* _Dataset_

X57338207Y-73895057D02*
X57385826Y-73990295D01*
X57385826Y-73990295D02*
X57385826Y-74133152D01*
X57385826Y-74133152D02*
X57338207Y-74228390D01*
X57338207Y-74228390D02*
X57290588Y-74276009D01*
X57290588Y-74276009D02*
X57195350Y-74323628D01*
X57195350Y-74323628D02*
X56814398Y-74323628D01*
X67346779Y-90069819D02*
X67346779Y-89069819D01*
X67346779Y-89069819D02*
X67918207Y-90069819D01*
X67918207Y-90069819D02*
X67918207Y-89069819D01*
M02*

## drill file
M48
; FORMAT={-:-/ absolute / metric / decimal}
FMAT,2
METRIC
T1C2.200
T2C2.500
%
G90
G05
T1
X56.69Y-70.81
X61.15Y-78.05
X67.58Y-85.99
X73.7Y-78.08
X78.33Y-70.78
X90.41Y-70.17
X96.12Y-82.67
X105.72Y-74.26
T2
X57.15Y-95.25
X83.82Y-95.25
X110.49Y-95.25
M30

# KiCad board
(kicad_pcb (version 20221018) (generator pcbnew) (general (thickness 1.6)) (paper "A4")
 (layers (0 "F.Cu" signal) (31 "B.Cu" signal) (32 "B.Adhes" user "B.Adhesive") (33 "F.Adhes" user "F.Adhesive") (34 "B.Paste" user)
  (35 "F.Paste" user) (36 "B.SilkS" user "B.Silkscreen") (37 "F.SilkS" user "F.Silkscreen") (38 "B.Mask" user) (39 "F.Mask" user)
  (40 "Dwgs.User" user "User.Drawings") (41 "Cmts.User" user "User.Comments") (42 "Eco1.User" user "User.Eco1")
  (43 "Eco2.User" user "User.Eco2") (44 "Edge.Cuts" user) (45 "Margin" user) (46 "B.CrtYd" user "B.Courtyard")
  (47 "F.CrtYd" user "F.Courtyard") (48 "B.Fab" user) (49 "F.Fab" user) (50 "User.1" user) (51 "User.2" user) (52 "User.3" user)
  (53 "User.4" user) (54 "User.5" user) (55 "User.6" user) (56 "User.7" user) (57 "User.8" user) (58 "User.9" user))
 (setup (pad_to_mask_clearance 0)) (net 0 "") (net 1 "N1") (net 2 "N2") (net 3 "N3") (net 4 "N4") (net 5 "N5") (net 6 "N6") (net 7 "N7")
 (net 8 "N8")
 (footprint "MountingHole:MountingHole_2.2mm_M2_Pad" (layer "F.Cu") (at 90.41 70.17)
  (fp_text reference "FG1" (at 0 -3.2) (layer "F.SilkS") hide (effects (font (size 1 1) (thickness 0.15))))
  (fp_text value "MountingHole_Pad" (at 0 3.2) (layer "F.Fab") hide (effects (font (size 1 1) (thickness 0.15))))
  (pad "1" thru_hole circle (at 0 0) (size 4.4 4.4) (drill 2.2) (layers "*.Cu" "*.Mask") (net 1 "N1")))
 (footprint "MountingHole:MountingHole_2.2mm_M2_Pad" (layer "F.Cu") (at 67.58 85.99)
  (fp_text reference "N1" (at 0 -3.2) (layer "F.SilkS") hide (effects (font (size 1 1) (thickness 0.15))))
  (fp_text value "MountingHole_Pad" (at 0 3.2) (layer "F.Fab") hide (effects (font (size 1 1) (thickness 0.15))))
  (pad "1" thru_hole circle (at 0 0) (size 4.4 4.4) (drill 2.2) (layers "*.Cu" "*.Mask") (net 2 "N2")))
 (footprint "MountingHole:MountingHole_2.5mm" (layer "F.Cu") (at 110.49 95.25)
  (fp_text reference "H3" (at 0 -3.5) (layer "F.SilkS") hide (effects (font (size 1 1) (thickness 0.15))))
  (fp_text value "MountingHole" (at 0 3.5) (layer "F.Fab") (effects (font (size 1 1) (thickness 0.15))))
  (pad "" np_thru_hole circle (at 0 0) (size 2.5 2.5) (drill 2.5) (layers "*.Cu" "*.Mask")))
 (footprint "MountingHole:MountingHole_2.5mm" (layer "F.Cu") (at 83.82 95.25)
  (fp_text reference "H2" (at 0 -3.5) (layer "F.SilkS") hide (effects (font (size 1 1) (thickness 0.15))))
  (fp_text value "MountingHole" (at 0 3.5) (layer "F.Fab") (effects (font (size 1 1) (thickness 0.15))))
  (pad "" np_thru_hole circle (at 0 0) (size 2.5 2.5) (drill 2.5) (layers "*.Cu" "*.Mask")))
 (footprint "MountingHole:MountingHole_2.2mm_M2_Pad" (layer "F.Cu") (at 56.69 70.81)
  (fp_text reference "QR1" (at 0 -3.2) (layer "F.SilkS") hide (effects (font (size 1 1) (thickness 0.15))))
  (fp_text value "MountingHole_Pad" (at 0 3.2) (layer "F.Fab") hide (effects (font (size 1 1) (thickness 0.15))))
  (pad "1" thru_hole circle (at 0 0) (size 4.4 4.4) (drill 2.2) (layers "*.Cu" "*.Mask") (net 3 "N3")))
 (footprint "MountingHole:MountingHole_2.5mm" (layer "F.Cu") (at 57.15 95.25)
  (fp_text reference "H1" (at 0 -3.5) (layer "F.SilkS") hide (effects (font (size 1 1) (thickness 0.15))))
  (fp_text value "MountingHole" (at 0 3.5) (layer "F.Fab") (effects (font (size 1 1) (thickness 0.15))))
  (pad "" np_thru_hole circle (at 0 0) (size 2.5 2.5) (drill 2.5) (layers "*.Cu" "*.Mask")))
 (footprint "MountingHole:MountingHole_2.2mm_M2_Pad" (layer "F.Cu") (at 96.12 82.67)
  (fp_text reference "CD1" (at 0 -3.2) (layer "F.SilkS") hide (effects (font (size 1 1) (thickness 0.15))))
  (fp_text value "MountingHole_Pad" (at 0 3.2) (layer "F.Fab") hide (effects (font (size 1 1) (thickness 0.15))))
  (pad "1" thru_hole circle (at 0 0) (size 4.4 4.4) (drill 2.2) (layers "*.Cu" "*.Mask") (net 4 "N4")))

* _Problem details_
Your reply is to be the number of lines above in which the word "CrtYd" appears, and nothing else.

* _Solved problem_
2